Arctic Shift serves as the primary successor to Pushshift for Reddit data archival, catering to researchers studying social media trends, moderators needing historical data for community management, and developers building Reddit analytics tools. The API provides comprehensive search, aggregation, and tree-building capabilities that mirror Reddit's own data structures, while the downloadable dumps enable large-scale offline analysis. Common use cases include tracking discourse evolution over time, analyzing user behavior patterns, building recommendation systems, and conducting academic research on online communities.

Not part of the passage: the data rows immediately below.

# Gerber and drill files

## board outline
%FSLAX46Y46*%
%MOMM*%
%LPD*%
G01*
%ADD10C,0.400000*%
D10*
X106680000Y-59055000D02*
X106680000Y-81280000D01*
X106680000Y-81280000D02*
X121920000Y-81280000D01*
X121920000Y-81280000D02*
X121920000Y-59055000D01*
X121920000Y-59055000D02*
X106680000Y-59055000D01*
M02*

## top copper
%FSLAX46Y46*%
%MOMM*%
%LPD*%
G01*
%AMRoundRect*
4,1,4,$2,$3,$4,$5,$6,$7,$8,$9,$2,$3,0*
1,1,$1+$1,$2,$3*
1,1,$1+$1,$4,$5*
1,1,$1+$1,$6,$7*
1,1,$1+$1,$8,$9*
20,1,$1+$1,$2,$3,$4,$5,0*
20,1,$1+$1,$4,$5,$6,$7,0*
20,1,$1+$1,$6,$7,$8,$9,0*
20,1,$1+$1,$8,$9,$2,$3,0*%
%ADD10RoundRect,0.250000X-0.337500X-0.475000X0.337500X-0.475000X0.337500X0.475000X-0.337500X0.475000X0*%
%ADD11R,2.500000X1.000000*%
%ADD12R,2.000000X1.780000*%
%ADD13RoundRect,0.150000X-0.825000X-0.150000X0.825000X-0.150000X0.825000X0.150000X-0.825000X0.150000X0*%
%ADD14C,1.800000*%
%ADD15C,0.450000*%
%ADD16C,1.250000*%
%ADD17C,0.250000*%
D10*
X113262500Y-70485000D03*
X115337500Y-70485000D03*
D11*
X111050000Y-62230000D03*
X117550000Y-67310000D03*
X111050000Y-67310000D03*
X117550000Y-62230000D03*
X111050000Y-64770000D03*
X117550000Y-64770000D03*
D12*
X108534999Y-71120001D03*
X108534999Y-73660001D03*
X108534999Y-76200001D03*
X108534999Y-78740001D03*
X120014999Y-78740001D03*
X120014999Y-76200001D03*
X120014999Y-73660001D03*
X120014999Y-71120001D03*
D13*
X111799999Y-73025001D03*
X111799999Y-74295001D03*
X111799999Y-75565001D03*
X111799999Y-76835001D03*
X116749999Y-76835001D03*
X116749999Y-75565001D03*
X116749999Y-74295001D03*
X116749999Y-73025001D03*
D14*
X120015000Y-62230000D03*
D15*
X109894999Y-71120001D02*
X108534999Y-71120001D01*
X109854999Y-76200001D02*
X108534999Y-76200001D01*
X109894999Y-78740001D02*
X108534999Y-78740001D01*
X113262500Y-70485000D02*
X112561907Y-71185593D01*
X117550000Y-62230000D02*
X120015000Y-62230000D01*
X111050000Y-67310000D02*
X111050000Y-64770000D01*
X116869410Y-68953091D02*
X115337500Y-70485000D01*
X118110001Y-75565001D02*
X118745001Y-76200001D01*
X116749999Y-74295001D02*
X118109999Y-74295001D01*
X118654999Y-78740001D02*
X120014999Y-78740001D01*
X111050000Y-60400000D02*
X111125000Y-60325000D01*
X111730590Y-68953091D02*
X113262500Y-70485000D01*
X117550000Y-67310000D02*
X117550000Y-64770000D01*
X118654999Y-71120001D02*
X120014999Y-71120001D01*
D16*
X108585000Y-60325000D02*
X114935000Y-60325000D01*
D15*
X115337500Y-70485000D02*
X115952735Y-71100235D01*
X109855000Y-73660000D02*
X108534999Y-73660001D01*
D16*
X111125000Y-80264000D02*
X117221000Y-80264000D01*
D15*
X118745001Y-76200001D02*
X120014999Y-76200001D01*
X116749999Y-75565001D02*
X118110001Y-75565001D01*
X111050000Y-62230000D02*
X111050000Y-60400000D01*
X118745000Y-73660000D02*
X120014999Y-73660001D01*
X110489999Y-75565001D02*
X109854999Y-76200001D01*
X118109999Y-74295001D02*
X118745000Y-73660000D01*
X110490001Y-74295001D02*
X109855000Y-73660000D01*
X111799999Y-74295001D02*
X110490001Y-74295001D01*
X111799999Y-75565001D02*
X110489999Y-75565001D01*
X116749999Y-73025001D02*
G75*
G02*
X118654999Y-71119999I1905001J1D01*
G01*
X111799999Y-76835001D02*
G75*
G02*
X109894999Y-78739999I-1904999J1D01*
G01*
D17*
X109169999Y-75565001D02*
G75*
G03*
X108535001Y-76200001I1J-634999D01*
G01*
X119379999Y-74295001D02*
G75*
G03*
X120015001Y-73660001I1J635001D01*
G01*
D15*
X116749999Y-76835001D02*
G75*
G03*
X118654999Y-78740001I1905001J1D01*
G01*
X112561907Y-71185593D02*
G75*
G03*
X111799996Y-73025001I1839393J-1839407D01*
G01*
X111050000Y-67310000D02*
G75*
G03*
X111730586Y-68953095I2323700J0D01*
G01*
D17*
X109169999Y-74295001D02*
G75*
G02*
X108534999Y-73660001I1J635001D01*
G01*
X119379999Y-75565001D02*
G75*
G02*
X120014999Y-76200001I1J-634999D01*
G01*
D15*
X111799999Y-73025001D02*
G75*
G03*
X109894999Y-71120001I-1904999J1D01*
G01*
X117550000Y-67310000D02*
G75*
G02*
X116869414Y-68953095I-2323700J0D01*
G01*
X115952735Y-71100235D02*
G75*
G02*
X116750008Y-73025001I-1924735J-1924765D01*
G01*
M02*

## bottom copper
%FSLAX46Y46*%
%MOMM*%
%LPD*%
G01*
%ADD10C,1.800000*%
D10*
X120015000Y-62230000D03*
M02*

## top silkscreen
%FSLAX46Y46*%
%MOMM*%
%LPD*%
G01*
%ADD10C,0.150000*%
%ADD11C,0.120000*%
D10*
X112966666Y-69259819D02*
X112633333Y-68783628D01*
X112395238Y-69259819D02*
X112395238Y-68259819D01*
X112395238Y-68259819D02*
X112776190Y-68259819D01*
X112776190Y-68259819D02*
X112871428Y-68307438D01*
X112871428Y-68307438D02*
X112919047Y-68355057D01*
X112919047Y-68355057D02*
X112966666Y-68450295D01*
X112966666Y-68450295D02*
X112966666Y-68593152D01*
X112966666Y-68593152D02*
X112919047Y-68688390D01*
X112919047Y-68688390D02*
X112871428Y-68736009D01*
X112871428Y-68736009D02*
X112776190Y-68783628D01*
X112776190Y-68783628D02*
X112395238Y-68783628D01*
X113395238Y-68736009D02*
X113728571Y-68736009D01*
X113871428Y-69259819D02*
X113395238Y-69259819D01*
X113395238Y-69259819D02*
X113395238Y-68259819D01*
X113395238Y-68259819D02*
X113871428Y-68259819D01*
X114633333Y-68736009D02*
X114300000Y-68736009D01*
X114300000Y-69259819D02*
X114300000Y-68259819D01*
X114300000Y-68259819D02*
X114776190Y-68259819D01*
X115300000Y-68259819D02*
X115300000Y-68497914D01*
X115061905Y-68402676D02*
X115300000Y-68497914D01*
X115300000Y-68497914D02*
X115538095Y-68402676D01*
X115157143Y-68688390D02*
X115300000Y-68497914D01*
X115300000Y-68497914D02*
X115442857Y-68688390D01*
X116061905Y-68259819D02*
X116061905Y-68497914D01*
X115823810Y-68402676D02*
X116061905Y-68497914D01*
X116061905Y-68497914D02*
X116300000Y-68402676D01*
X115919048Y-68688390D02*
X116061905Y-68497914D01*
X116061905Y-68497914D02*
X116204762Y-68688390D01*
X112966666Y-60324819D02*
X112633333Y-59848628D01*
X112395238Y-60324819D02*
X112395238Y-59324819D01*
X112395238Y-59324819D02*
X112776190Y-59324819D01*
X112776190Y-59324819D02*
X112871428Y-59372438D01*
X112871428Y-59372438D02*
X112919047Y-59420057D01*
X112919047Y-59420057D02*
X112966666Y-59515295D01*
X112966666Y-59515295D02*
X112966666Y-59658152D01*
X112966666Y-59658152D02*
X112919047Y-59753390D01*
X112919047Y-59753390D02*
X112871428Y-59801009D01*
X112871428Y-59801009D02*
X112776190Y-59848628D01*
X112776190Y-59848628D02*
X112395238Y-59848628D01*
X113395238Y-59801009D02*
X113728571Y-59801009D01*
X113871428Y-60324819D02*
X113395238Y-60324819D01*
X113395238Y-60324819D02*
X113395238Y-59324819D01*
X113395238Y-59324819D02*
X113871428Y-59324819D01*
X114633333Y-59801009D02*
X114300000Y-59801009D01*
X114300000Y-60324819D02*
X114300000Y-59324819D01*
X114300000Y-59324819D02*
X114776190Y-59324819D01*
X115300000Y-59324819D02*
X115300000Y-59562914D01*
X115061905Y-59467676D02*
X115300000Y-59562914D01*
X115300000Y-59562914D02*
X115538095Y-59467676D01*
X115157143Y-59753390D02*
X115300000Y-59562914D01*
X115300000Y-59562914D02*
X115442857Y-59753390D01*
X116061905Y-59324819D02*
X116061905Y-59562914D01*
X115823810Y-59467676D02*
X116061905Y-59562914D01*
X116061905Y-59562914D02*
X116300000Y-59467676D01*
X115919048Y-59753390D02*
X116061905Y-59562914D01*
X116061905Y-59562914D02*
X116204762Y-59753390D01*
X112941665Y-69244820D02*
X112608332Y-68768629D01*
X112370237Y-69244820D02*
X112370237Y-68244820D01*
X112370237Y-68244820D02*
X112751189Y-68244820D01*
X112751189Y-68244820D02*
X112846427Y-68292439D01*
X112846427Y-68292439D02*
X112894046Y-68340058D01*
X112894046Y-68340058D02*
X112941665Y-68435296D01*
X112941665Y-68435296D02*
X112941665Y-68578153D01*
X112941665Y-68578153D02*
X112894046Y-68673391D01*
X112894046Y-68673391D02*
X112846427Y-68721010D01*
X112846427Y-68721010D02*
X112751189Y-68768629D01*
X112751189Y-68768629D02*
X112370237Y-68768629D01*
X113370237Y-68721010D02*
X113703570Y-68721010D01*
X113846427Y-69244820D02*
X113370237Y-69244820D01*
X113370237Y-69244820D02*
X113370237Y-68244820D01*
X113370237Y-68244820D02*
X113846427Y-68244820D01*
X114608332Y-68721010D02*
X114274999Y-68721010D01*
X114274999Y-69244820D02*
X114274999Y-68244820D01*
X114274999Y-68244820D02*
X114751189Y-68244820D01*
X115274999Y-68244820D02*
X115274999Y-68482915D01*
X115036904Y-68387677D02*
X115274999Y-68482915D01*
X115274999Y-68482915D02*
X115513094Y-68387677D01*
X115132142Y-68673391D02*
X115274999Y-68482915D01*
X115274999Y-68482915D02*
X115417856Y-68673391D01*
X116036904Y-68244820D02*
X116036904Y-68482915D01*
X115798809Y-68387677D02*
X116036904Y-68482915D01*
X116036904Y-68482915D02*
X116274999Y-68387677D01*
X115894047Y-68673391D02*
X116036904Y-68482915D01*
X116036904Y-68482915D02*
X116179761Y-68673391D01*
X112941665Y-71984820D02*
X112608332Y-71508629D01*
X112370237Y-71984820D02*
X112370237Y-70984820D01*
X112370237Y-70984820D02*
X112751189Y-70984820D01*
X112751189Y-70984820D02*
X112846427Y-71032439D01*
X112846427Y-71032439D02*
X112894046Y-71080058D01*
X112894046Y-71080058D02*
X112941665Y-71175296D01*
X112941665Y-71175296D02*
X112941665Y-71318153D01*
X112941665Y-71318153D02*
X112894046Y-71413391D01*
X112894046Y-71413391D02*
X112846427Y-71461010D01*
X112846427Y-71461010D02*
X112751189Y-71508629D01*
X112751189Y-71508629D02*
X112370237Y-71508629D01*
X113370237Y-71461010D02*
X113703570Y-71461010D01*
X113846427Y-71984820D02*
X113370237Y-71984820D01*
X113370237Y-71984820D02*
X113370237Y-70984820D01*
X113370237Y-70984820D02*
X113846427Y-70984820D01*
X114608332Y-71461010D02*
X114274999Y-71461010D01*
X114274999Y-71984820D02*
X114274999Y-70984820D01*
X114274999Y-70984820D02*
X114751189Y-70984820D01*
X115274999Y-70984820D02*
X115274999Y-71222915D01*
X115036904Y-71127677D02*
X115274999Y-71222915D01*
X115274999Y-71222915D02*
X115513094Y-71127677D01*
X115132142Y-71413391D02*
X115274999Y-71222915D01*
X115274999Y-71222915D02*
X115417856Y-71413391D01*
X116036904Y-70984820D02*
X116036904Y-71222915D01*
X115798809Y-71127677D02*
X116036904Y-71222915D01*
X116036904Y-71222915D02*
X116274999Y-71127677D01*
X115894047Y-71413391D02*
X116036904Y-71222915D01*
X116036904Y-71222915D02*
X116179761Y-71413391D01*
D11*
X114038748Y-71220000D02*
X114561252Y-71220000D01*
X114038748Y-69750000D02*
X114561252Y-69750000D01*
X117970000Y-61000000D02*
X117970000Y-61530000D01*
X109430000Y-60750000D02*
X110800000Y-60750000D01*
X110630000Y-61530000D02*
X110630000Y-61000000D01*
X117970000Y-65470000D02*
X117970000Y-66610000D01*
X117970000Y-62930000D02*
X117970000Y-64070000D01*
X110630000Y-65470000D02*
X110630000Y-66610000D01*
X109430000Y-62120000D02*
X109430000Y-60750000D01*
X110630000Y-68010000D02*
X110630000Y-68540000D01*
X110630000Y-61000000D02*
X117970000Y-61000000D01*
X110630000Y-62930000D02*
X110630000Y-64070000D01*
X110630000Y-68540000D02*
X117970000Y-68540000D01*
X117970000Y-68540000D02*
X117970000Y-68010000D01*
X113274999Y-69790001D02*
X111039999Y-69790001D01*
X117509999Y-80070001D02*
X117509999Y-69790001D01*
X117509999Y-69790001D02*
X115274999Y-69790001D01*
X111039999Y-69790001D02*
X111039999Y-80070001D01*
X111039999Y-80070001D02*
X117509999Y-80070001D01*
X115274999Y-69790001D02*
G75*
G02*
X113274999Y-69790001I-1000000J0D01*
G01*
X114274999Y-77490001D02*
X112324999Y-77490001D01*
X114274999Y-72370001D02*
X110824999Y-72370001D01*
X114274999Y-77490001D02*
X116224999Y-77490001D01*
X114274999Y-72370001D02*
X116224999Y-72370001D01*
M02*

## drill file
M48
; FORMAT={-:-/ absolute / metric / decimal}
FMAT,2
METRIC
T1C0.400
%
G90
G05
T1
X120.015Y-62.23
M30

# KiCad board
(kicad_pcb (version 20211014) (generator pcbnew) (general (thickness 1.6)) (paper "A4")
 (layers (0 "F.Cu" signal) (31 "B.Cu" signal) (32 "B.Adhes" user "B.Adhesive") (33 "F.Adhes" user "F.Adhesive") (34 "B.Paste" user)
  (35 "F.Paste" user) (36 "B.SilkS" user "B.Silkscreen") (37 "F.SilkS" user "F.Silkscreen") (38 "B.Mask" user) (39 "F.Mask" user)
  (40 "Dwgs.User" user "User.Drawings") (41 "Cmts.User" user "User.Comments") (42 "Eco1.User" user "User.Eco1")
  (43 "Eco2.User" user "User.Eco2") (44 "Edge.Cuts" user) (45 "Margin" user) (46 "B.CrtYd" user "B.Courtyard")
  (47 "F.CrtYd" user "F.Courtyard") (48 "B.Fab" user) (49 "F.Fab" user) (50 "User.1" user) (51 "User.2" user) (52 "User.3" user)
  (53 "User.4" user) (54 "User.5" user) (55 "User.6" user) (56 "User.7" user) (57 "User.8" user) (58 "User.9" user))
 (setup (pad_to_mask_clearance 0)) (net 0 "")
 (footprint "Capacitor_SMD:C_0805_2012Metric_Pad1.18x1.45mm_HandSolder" (layer "F.Cu") (at 114.3 70.485)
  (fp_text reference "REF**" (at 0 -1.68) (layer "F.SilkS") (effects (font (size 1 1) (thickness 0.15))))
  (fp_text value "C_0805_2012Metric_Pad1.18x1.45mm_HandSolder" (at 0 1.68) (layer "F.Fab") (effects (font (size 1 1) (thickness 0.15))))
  (fp_line (start -0.261252 0.735) (end 0.261252 0.735) (layer "F.SilkS") (width 0.12))
  (fp_line (start -0.261252 -0.735) (end 0.261252 -0.735) (layer "F.SilkS") (width 0.12))
  (pad "1" smd roundrect (at -1.0375 0) (size 1.175 1.45) (layers "F.Cu" "F.Paste" "F.Mask") (roundrect_rratio 0.2127659574))
  (pad "2" smd roundrect (at 1.0375 0) (size 1.175 1.45) (layers "F.Cu" "F.Paste" "F.Mask") (roundrect_rratio 0.2127659574)))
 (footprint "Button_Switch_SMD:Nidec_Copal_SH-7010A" (layer "F.Cu") (at 114.3 64.77)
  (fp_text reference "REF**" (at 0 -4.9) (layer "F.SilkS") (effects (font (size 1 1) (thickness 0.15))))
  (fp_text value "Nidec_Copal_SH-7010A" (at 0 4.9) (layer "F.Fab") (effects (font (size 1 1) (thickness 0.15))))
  (fp_line (start 3.67 -3.77) (end 3.67 -3.24) (layer "F.SilkS") (width 0.12))
  (fp_line (start -4.87 -4.02) (end -3.5 -4.02) (layer "F.SilkS") (width 0.12))
  (fp_line (start -3.67 -3.24) (end -3.67 -3.77) (layer "F.SilkS") (width 0.12))
  (fp_line (start 3.67 0.7) (end 3.67 1.84) (layer "F.SilkS") (width 0.12))
  (fp_line (start 3.67 -1.84) (end 3.67 -0.7) (layer "F.SilkS") (width 0.12))
  (fp_line (start -3.67 0.7) (end -3.67 1.84) (layer "F.SilkS") (width 0.12))
  (fp_line (start -4.87 -2.65) (end -4.87 -4.02) (layer "F.SilkS") (width 0.12))
  (fp_line (start -3.67 3.24) (end -3.67 3.77) (layer "F.SilkS") (width 0.12))
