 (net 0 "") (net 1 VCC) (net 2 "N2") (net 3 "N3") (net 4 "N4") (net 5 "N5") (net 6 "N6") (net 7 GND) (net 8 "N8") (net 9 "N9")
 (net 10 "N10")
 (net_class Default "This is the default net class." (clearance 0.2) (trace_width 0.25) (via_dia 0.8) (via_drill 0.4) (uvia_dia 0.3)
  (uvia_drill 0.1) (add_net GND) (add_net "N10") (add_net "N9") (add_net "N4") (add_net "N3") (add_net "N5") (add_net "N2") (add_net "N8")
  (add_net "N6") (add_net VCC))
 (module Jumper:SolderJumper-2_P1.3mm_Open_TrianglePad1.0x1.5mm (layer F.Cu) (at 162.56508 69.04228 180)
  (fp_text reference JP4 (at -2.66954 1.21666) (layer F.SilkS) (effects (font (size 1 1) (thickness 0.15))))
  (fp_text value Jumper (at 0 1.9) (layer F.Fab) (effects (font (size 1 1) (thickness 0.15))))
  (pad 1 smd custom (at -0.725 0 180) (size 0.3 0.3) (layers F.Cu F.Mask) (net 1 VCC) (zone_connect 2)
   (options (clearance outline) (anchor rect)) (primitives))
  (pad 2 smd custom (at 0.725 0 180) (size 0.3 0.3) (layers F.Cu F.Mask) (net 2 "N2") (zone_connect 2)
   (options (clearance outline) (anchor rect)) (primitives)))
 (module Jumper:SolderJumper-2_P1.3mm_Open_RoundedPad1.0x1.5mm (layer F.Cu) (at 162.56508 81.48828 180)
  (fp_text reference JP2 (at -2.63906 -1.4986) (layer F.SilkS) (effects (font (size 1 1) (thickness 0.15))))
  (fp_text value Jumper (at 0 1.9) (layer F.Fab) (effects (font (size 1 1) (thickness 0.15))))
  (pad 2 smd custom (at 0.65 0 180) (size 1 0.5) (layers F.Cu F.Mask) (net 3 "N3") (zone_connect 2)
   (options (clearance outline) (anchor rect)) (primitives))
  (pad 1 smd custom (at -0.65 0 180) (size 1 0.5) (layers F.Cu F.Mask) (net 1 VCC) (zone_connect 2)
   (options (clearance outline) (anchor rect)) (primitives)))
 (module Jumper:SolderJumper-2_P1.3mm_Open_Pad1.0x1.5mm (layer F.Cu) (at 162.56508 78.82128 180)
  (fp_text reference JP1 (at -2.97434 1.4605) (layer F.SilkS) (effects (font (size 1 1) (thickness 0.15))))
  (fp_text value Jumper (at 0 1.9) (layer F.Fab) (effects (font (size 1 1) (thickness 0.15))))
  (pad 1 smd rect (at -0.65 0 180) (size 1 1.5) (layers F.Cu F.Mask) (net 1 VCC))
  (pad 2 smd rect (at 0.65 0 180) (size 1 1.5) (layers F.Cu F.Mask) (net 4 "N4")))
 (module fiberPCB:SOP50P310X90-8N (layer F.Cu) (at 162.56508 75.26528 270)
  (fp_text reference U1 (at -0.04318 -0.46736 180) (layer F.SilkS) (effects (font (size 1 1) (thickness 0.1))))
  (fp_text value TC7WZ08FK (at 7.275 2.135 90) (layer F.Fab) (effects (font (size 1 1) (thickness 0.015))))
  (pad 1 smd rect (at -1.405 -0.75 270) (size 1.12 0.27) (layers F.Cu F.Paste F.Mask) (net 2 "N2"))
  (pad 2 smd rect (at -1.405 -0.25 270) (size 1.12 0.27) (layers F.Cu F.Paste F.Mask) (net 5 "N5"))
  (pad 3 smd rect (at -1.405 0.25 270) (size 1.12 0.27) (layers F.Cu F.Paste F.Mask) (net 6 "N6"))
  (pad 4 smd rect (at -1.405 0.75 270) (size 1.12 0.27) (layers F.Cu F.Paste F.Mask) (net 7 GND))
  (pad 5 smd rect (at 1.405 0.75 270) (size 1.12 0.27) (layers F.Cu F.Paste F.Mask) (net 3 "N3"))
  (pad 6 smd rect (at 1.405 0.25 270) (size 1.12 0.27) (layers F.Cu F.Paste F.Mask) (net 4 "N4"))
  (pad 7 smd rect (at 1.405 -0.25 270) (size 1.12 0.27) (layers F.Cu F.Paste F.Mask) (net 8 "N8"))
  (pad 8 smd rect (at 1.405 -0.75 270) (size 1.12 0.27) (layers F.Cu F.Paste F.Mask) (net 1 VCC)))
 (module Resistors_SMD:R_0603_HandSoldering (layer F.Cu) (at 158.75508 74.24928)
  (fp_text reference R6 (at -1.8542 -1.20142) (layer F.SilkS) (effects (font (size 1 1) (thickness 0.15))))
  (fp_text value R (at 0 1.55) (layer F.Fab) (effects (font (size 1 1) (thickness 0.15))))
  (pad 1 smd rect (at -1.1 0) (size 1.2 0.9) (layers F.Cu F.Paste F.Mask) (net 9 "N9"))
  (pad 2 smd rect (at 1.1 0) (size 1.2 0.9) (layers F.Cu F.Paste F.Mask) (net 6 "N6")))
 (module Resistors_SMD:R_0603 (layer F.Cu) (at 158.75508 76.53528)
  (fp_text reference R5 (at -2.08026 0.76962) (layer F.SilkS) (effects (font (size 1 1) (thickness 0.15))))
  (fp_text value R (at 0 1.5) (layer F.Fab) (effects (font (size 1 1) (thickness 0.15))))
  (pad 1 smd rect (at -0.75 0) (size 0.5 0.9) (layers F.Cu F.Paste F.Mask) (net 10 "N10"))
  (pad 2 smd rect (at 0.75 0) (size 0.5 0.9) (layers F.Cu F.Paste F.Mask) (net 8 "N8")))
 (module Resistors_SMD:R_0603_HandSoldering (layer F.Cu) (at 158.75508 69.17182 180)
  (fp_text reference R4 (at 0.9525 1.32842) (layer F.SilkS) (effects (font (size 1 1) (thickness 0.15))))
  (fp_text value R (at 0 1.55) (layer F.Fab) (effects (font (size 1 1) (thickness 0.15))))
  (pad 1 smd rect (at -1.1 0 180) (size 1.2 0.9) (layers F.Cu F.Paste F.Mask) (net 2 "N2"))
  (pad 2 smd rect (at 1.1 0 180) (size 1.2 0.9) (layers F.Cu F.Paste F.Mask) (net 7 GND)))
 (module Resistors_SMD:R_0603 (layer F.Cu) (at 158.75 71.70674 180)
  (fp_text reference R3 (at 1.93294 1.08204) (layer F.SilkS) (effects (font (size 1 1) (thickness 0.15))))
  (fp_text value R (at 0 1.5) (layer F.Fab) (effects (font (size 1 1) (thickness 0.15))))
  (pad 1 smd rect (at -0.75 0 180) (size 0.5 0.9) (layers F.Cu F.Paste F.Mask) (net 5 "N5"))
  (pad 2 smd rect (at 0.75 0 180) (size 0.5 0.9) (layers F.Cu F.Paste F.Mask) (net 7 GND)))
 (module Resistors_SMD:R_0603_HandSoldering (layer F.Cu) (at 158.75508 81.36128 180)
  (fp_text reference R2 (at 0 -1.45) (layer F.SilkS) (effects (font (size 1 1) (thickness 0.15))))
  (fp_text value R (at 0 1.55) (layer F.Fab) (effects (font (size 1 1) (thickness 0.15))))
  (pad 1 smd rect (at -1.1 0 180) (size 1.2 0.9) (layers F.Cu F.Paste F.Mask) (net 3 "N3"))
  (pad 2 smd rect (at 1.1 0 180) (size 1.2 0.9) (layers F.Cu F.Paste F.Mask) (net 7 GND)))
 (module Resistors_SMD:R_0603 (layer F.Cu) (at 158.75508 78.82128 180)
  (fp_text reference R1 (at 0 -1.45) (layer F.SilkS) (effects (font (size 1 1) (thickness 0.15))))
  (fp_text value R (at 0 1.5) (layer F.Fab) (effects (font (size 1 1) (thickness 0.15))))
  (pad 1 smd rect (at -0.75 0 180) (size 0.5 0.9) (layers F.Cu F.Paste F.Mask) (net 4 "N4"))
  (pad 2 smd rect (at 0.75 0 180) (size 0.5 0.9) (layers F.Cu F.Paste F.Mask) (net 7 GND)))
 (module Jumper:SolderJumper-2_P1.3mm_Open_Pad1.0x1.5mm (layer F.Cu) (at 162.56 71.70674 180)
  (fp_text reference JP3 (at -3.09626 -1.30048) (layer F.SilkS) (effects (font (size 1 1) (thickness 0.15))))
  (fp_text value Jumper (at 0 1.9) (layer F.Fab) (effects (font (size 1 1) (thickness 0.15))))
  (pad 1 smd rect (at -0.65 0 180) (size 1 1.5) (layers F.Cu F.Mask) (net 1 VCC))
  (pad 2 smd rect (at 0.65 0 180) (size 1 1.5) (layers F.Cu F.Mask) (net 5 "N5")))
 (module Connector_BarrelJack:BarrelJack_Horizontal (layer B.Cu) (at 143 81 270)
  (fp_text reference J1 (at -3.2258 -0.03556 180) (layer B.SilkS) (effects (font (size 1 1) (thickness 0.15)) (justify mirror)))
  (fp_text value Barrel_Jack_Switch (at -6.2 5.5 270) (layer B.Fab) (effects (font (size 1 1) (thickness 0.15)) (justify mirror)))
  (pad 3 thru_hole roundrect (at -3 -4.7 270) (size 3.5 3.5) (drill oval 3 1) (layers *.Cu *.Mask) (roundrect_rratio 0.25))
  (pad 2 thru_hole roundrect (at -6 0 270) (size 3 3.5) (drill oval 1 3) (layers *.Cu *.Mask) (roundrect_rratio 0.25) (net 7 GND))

For integration, the API follows RESTful conventions with consistent parameter naming across endpoints, making it straightforward to build client libraries. Rate limiting is permissive for typical usage, but heavy analysis should use the monthly data dumps instead. The Python processing scripts provide a foundation for building custom analysis pipelines, supporting streaming decompression to handle files that exceed available RAM. Data is available from June 2005 through the present, with new monthly archives typically released within a few days of each month's end via Academic Torrents.